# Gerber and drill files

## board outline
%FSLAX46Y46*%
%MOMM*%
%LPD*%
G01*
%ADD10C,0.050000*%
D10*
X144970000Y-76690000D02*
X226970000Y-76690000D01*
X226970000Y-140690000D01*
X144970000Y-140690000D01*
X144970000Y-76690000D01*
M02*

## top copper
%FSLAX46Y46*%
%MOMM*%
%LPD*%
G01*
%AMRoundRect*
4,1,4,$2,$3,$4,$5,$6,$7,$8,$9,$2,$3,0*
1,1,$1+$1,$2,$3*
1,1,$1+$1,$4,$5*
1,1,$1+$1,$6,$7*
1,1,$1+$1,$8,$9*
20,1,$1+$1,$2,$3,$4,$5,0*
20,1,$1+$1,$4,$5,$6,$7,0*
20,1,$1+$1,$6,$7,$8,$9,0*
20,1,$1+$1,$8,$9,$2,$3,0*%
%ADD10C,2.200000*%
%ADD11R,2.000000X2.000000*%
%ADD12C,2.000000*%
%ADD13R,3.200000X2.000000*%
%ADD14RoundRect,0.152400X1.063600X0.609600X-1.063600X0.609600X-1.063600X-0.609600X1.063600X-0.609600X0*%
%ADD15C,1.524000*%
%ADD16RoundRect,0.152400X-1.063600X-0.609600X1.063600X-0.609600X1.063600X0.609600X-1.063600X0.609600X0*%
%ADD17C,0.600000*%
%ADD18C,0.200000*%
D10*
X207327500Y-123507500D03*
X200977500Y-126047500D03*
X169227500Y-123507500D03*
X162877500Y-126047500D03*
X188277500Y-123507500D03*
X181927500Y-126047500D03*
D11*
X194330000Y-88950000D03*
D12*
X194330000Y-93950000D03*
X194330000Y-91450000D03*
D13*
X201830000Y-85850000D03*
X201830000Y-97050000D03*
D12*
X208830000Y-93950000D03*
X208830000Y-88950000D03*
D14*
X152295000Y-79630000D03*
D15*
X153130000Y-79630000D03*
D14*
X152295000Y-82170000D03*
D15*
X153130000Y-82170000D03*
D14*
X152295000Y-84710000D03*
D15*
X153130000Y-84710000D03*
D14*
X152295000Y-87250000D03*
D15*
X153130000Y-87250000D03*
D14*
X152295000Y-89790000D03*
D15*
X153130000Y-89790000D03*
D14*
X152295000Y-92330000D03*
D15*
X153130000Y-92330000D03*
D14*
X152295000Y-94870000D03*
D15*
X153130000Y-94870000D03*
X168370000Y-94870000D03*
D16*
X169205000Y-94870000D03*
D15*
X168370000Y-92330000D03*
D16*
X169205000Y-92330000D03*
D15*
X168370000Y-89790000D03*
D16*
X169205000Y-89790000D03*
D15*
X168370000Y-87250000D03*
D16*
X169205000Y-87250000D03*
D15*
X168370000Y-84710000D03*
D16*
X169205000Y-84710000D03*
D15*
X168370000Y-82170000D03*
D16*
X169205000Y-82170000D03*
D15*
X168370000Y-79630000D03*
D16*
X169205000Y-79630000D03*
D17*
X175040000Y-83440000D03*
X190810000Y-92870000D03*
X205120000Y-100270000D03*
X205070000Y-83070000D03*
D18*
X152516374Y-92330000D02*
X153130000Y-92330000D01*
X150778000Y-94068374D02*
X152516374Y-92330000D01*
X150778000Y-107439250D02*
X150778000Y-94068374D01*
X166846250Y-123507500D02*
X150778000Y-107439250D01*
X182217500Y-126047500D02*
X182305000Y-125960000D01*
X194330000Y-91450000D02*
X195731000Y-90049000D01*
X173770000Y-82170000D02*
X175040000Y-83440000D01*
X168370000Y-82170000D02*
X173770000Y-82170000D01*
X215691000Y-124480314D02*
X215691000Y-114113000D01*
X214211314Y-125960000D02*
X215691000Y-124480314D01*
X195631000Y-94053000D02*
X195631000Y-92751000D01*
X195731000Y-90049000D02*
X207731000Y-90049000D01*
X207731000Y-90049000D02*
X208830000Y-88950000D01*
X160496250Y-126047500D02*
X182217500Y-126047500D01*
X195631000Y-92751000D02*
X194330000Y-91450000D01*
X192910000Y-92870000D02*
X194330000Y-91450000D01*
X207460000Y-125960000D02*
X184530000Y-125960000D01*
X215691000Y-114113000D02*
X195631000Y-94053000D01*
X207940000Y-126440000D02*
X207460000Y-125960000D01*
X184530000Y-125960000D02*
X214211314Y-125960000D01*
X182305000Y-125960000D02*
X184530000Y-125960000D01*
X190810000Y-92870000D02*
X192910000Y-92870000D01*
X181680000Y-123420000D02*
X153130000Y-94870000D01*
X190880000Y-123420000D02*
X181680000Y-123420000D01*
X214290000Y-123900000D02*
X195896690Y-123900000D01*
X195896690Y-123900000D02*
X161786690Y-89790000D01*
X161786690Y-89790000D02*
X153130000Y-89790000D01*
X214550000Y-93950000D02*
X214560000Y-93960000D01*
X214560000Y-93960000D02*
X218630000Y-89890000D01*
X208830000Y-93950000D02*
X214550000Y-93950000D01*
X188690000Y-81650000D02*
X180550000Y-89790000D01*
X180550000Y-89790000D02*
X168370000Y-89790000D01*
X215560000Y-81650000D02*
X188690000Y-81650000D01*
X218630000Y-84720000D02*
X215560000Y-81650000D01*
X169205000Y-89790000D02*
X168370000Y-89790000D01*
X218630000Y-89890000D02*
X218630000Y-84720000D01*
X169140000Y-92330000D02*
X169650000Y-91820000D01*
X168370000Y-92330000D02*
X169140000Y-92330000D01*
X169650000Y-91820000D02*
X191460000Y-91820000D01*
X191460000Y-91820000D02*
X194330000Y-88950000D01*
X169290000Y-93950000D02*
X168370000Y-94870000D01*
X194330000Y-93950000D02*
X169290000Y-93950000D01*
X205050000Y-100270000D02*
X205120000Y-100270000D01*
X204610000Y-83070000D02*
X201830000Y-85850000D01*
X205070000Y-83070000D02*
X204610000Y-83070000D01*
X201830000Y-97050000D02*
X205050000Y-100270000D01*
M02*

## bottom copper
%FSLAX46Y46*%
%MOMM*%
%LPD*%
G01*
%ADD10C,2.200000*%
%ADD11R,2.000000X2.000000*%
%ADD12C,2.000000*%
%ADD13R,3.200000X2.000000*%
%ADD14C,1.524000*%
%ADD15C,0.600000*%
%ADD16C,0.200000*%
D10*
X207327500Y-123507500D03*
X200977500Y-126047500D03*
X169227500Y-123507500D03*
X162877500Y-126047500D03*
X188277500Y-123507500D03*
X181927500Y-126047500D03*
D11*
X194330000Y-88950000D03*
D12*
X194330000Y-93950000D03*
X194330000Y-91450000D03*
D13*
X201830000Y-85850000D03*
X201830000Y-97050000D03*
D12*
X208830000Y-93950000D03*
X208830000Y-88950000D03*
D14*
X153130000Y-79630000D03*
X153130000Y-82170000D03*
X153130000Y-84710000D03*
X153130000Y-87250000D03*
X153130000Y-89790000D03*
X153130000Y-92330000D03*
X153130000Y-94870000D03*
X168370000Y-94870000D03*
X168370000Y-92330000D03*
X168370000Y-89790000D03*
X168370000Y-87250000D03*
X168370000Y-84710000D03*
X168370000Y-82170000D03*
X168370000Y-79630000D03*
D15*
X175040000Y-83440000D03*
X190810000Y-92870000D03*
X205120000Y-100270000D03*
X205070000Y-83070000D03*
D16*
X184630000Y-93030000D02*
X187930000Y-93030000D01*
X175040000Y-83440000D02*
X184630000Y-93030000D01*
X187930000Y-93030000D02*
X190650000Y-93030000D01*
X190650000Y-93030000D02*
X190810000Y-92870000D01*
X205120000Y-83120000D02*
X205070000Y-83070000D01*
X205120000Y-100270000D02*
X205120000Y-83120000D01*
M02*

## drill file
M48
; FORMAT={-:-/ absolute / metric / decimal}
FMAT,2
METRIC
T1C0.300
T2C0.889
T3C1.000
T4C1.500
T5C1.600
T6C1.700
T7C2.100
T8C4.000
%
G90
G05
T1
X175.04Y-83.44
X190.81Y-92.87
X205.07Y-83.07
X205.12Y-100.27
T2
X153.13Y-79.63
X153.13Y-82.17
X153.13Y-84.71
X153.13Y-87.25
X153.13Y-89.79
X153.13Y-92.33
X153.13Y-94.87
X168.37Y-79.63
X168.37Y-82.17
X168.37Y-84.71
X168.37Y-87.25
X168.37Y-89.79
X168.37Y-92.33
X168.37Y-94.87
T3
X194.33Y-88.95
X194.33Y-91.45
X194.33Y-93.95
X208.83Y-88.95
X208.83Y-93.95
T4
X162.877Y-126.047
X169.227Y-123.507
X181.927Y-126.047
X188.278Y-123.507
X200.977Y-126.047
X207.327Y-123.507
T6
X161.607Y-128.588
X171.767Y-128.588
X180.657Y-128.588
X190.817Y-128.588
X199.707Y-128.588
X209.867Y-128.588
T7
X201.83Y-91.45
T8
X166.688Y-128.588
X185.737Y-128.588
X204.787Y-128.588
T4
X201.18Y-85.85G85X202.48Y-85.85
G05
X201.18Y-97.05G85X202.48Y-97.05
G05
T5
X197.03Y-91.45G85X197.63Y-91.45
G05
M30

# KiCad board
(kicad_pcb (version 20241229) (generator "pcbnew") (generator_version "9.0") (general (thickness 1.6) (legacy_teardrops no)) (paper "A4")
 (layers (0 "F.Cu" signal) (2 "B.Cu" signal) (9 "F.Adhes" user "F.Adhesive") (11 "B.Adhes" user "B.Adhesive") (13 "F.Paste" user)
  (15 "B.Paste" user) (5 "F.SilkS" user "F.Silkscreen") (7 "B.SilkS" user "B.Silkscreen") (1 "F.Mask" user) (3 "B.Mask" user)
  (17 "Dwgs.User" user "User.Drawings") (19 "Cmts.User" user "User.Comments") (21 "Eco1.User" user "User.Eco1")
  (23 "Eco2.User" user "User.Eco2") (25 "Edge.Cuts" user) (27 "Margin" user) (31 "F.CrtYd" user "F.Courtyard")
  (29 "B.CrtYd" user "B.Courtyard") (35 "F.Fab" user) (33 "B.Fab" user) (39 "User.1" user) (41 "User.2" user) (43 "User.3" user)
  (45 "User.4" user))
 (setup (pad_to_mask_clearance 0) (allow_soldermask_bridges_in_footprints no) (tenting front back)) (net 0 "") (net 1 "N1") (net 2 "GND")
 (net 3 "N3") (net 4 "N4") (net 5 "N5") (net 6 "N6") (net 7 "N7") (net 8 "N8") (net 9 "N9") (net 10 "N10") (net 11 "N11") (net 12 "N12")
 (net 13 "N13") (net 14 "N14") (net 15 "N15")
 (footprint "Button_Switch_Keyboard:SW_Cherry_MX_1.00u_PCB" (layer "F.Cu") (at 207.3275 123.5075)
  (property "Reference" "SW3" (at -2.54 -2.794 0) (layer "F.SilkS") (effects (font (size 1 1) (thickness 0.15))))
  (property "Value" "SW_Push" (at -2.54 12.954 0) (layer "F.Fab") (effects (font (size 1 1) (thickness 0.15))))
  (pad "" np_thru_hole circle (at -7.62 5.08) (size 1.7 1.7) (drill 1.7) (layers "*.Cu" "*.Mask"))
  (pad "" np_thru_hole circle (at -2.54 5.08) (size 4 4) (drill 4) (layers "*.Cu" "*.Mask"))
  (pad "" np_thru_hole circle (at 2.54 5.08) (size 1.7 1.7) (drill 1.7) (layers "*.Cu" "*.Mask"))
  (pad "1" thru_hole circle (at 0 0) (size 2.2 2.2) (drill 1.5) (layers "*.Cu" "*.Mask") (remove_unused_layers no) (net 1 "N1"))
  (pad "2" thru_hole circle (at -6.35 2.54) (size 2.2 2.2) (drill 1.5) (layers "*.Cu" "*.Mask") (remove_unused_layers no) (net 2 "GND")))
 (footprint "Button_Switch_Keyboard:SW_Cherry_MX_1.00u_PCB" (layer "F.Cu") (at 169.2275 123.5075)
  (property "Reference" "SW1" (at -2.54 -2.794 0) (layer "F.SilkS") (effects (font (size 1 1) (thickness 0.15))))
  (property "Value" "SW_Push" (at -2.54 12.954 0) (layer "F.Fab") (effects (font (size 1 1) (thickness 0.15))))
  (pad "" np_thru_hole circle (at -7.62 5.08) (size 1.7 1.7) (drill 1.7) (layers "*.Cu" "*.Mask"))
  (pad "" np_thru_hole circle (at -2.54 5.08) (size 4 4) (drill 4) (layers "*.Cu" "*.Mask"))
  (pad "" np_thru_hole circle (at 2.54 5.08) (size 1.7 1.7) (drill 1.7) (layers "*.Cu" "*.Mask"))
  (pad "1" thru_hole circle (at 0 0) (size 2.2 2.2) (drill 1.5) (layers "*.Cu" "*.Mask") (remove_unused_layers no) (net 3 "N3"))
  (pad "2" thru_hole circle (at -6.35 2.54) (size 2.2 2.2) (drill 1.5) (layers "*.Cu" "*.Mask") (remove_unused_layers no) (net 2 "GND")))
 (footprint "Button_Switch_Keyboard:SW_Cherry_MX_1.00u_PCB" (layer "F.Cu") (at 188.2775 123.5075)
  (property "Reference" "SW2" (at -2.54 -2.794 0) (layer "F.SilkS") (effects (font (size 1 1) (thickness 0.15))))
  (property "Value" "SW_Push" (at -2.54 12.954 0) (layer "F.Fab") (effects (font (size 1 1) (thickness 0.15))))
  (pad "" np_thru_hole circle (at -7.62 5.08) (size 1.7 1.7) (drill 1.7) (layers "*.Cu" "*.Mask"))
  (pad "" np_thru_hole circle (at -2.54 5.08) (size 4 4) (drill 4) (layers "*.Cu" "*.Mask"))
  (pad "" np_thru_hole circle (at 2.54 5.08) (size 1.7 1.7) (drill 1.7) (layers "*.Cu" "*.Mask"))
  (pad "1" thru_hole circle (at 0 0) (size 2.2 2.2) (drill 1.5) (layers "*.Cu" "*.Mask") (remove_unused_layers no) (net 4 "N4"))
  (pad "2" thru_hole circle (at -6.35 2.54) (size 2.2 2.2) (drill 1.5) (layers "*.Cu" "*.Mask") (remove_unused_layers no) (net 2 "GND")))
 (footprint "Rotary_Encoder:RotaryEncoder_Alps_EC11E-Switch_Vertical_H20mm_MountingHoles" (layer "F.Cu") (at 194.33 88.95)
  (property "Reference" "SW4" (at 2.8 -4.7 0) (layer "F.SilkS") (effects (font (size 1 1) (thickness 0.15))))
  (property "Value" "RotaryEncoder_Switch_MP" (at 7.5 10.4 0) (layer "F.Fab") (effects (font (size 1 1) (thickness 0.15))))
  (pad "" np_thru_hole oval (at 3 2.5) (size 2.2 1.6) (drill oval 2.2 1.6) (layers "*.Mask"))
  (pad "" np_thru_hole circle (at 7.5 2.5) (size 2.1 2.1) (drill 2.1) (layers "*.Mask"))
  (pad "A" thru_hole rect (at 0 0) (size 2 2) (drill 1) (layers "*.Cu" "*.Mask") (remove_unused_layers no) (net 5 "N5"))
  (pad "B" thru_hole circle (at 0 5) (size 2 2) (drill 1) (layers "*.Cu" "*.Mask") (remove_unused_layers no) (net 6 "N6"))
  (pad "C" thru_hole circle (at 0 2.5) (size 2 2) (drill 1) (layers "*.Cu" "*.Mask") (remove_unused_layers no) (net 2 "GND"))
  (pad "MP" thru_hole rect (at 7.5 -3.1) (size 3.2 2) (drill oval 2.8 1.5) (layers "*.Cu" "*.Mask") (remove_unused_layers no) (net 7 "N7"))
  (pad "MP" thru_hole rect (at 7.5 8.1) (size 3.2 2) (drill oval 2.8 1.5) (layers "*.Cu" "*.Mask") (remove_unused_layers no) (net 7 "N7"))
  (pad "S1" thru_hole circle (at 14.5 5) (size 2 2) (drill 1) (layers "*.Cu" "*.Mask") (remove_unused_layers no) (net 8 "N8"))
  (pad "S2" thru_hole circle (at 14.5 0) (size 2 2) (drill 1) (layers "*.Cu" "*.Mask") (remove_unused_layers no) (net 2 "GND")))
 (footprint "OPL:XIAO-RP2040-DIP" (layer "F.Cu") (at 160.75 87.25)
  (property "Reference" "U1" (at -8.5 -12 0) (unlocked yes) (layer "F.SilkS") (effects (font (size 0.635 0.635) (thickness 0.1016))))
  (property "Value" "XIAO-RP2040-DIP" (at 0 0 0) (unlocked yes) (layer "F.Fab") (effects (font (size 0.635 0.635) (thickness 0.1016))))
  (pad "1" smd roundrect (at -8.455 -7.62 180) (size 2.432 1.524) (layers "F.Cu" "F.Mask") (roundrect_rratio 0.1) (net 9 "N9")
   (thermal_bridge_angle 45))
------
In the listing above, find the line containing "X153130000Y-94870000D01*" and the line containing "X218630000Y-84720000D02*". Output them and every line between, exactly, and nothing else.

X153130000Y-94870000D01*
X190880000Y-123420000D02*
X181680000Y-123420000D01*
X214290000Y-123900000D02*
X195896690Y-123900000D01*
X195896690Y-123900000D02*
X161786690Y-89790000D01*
X161786690Y-89790000D02*
X153130000Y-89790000D01*
X214550000Y-93950000D02*
X214560000Y-93960000D01*
X214560000Y-93960000D02*
X218630000Y-89890000D01*
X208830000Y-93950000D02*
X214550000Y-93950000D01*
X188690000Y-81650000D02*
X180550000Y-89790000D01*
X180550000Y-89790000D02*
X168370000Y-89790000D01*
X215560000Y-81650000D02*
X188690000Y-81650000D01*
X218630000Y-84720000D02*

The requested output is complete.